Ho appena visto il video dove quasi in lacrime dice che lui non c'entra nulla e ovviamente parla di attacco mediatico per mettere a tacere le sue "idee".. 
Che soumaro..


----------



## Toby rosso nero (20 Novembre 2022)

Toby rosso nero ha scritto:


>



.


----------



## Toby rosso nero (20 Novembre 2022)

Stanis La Rochelle ha scritto:


> Si infatti lo stanno bombardando gli "amici" alla fine, probabile che ci siano antipatie personali nel giro del partito



Essendoci il congresso per ricostruire il PD probabile che vogliano eliminare un po' di pagliacci che portano valanghe di voti dall'altra parte.
Anche la Schlein ha ricevuto un bel po' di ostruzione.


----------



## admin (20 Novembre 2022)

Toby rosso nero ha scritto:


>



Ahahahhahahahahahhahahahaha

Maledetto Sumaro


----------



## gabri65 (20 Novembre 2022)

Toby rosso nero ha scritto:


>


----------



## gabri65 (20 Novembre 2022)

Toby rosso nero ha scritto:


> Essendoci il congresso per ricostruire il PD probabile che vogliano eliminare un po' di pagliacci che portano valanghe di voti dall'altra parte.
> Anche la Schlein ha ricevuto un bel po' di ostruzione.

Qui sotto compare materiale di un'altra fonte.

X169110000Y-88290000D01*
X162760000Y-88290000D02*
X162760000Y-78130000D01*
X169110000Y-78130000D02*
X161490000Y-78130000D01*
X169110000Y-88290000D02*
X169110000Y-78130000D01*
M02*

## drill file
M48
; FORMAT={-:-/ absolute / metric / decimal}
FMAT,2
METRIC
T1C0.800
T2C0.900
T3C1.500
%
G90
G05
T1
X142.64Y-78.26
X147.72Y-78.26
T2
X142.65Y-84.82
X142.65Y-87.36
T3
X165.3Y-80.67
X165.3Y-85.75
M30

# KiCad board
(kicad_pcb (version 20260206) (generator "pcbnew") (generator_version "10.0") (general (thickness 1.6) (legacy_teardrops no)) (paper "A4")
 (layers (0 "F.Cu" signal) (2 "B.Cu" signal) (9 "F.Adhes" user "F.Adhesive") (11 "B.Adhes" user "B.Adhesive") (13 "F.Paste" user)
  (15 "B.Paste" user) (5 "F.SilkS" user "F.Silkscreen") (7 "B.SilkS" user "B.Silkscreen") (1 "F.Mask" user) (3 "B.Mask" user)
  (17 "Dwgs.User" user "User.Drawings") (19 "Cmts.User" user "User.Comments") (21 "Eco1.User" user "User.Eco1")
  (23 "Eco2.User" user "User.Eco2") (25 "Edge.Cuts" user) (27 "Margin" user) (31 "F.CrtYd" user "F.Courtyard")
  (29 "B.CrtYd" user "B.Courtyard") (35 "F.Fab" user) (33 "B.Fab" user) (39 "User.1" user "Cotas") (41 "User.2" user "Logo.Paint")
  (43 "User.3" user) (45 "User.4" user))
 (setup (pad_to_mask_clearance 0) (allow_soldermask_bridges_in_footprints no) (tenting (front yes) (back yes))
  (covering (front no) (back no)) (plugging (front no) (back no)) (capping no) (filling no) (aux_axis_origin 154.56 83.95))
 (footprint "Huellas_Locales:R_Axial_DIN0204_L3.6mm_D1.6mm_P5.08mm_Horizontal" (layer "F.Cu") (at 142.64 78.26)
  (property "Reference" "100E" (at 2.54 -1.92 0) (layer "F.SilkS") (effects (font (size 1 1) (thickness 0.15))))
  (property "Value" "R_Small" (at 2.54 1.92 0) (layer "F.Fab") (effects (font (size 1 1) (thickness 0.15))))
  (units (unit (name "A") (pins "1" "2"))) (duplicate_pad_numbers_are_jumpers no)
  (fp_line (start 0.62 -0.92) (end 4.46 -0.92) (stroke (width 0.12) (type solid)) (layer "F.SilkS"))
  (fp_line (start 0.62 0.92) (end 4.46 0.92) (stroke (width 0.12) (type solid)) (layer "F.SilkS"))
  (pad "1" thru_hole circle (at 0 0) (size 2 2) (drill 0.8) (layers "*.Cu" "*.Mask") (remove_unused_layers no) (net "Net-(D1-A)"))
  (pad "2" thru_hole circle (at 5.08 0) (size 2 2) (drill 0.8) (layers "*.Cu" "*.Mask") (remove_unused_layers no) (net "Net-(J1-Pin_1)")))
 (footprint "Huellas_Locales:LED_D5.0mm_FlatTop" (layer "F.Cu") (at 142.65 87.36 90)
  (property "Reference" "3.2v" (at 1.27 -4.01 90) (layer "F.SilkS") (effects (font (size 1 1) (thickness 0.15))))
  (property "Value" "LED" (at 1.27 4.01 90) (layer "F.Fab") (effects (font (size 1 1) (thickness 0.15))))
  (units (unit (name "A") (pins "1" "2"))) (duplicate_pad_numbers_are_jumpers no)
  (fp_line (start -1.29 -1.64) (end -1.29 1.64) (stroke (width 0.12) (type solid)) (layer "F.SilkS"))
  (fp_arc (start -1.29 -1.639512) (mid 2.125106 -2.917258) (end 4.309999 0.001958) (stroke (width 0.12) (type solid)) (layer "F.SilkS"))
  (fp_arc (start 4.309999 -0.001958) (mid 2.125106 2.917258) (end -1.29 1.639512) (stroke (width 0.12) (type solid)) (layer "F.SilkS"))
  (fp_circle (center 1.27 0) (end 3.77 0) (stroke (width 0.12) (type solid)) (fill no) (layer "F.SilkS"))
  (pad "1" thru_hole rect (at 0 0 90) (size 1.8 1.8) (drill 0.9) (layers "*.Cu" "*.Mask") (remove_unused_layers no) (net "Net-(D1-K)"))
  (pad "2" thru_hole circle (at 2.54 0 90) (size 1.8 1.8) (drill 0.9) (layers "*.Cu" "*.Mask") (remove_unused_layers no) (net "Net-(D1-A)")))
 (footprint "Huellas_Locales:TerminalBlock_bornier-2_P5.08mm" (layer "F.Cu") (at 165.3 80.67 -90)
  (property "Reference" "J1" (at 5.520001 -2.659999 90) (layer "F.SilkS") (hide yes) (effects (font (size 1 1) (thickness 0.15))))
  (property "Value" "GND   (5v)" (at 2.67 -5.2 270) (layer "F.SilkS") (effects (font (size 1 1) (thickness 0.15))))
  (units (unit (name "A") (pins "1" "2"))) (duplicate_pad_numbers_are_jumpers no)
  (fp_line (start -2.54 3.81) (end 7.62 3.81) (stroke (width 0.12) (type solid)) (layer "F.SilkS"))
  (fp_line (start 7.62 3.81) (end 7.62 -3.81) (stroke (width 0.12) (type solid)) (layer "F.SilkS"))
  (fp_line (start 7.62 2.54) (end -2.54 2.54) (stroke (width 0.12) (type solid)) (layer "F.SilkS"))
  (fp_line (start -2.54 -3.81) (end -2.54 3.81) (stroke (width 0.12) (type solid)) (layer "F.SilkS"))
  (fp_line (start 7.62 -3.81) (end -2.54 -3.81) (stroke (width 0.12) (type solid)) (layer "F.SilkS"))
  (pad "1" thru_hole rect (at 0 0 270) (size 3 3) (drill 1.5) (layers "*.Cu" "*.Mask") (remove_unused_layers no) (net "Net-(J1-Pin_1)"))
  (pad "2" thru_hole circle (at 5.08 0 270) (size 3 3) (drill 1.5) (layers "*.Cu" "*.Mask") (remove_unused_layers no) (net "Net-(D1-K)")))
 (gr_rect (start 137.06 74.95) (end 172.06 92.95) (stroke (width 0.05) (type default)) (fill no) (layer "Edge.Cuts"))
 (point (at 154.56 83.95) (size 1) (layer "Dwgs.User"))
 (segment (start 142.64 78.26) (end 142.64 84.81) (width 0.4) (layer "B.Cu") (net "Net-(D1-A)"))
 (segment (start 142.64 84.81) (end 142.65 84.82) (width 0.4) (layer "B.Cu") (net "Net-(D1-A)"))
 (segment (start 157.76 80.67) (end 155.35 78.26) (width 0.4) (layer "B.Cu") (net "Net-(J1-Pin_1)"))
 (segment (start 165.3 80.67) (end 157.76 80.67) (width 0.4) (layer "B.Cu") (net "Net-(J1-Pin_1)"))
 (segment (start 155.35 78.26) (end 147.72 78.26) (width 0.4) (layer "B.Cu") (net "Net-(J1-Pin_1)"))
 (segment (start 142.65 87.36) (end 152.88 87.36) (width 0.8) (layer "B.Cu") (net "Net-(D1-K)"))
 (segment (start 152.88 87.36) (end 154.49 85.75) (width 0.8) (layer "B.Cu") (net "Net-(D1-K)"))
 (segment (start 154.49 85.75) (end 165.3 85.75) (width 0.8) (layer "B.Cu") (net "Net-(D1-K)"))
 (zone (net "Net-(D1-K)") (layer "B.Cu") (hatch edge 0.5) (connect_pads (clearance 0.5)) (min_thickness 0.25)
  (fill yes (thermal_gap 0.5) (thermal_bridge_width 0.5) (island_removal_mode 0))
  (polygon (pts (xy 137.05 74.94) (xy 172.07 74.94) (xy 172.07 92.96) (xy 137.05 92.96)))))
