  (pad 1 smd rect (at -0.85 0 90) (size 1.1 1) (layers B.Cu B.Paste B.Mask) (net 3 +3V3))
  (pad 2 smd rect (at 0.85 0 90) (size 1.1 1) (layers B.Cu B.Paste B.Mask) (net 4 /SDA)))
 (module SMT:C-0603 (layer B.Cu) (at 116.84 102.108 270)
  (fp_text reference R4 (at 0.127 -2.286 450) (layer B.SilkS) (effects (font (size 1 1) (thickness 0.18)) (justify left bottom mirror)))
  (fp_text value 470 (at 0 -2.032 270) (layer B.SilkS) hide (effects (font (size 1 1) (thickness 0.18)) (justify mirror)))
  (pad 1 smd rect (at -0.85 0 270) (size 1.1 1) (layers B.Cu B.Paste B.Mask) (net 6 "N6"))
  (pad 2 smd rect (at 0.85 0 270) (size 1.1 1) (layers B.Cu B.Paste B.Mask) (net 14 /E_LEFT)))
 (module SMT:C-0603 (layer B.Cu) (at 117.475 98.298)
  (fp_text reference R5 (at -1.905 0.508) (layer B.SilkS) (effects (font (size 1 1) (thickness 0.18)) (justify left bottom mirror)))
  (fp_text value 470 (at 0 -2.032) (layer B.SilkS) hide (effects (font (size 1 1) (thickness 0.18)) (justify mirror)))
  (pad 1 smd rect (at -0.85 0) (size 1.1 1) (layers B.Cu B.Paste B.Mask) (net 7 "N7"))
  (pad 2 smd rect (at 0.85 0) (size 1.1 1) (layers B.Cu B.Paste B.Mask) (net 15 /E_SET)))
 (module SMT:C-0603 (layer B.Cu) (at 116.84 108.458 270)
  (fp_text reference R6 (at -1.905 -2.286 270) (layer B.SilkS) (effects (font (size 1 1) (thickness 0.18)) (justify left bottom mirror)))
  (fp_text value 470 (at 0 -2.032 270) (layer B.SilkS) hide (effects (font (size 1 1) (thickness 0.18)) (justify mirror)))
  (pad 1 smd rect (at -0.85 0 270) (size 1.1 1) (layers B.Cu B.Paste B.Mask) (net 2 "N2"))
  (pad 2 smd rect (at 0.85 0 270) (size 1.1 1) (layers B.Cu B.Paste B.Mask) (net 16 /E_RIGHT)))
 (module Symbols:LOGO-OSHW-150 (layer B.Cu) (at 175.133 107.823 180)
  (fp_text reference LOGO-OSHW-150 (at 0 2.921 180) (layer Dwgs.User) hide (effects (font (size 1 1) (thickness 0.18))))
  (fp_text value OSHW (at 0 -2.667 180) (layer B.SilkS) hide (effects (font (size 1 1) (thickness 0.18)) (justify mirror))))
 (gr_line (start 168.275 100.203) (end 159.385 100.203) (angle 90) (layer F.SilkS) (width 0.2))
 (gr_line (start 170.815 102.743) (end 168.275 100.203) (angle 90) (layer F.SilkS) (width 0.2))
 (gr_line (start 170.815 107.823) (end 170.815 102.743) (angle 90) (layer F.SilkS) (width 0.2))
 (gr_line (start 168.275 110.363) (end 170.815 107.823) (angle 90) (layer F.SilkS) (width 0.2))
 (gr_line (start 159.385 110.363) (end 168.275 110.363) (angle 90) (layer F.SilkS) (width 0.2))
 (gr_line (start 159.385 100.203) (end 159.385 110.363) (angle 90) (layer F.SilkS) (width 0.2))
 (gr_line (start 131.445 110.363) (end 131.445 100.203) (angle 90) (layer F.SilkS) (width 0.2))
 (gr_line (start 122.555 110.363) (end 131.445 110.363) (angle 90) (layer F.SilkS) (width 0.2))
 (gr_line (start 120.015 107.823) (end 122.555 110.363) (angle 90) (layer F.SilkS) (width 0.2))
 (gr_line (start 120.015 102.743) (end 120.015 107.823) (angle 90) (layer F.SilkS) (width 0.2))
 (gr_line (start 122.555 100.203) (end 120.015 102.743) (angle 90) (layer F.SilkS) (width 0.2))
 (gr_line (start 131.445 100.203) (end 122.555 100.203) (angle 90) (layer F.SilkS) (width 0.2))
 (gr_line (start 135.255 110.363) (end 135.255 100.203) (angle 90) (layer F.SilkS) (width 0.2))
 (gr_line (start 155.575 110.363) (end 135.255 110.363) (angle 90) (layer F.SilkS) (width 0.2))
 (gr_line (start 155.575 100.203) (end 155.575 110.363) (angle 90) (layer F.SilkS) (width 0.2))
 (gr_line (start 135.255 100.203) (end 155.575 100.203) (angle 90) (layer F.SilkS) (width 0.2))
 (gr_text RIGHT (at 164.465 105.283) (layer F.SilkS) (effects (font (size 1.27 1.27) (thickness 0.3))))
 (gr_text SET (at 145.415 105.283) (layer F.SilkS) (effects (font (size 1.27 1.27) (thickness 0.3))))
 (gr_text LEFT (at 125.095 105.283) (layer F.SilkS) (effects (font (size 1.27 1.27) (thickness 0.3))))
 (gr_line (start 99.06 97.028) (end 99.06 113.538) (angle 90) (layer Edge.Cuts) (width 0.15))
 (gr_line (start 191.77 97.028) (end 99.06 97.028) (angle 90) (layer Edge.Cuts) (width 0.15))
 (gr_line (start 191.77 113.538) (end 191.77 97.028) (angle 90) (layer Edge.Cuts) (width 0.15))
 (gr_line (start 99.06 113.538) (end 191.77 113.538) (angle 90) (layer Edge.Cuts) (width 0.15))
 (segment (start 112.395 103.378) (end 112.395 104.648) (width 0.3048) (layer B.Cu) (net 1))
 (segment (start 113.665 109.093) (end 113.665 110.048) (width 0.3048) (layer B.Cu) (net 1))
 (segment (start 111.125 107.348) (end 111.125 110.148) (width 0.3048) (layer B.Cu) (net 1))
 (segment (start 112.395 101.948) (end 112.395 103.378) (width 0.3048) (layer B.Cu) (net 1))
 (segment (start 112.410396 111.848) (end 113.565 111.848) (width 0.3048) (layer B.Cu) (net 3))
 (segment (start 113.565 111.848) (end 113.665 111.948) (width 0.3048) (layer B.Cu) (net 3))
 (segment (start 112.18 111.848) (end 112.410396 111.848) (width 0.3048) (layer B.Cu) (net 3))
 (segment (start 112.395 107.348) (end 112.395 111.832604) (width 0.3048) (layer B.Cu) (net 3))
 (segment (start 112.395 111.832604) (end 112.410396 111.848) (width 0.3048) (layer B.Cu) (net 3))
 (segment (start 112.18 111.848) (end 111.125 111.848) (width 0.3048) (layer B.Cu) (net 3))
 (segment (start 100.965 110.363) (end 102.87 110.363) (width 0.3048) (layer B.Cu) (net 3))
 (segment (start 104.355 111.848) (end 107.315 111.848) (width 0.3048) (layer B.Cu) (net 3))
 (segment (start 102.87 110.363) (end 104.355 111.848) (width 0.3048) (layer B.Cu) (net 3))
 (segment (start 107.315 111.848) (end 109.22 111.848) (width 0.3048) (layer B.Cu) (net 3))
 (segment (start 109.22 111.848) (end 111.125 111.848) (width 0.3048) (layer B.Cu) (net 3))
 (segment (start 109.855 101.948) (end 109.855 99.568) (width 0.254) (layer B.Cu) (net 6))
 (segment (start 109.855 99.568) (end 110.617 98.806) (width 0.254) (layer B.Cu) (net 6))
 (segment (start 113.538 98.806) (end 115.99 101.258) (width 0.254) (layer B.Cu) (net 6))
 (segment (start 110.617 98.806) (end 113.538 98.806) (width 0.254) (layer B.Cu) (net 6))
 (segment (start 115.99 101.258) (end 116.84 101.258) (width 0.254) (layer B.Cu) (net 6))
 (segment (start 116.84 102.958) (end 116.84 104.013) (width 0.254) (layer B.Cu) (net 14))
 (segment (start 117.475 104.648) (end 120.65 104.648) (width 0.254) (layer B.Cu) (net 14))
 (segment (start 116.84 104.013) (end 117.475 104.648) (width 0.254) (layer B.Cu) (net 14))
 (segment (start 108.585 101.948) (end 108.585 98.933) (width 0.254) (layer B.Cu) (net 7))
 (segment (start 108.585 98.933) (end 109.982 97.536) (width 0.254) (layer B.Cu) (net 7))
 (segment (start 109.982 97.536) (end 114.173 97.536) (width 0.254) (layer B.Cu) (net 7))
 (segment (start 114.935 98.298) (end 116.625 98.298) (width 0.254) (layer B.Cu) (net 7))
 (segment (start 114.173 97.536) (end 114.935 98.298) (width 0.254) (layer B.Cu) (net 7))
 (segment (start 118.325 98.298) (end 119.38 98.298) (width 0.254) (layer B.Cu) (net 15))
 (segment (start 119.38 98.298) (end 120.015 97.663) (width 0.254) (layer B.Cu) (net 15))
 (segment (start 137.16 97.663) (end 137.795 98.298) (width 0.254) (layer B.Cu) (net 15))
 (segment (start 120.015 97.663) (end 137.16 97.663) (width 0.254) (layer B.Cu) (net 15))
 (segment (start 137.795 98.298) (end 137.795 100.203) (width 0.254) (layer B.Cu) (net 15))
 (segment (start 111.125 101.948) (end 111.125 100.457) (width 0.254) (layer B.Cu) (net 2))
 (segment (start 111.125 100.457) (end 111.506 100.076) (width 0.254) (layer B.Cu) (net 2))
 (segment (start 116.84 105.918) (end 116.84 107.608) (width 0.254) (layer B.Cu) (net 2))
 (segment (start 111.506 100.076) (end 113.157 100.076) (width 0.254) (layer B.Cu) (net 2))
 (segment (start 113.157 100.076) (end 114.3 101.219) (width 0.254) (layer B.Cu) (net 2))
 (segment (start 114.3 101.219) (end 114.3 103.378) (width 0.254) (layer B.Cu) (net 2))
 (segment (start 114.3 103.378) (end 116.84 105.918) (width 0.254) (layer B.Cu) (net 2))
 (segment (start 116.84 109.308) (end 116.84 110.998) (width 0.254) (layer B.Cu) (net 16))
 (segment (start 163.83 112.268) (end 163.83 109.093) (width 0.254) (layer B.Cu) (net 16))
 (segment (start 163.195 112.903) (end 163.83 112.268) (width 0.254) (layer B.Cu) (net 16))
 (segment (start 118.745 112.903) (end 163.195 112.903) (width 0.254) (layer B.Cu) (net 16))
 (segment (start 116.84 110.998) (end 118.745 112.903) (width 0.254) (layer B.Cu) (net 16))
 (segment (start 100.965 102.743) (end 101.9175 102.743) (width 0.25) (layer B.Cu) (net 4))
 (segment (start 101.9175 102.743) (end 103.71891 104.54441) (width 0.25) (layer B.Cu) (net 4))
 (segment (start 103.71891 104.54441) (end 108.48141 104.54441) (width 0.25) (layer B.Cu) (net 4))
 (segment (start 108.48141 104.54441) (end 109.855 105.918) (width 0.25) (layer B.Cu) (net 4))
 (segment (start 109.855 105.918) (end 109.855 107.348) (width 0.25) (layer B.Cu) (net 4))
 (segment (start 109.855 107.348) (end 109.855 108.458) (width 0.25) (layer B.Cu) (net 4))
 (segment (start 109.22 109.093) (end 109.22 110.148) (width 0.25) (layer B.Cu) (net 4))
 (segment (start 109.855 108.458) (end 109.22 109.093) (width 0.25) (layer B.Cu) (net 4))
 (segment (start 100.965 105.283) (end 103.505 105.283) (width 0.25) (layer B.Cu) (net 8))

Ci crederanno i soliti fessi cerebrolesi e basta.

Essendo in malafede, sanno che 'sta roba demenziale porta via i voti, quindi adesso vogliono cambiarsi d'abito.

Appena i suddetti fessi ritorneranno a portare voti, ci mettono un attimo a ripristinare la feccia.


----------



## Toby rosso nero (24 Novembre 2022)

*Repubblica: Mentre lo scandalo si allarga ogni giorno di più, Fratoianni e Bonelli valutano la sospensione di Soumahoro dopo tre ore di riunione.*
*Lui chiede di aspettare perchè andrà a difendersi in TV da Formigli.
Gelo del partito. "Una cosa del genere non può finire a tarallucci e vino. Dovevi darti una mossa prima ed estraniarti dalle vicende di famiglia."*


----------



## gabri65 (24 Novembre 2022)

Toby rosso nero ha scritto:


> *Repubblica: Mentre lo scandalo si allarga ogni giorno di più, Fratoianni e Bonelli valutano la sospensione di Soumahoro dopo tre ore di riunione.*
> *Lui chiede di aspettare perchè andrà a difendersi in TV da Formigli.
> Gelo del partito. "Una cosa del genere non può finire a tarallucci e vino. Dovevi darti una mossa prima ed estraniarti dalle vicende di famiglia."*



D'altra parte il suo compito l'ha asservito, facendo da vittima per il siparietto con il quale ci hanno massacrato alla TV e la Melona che gli dà del tu, dimostrando un insopportabile fasciorazzismo.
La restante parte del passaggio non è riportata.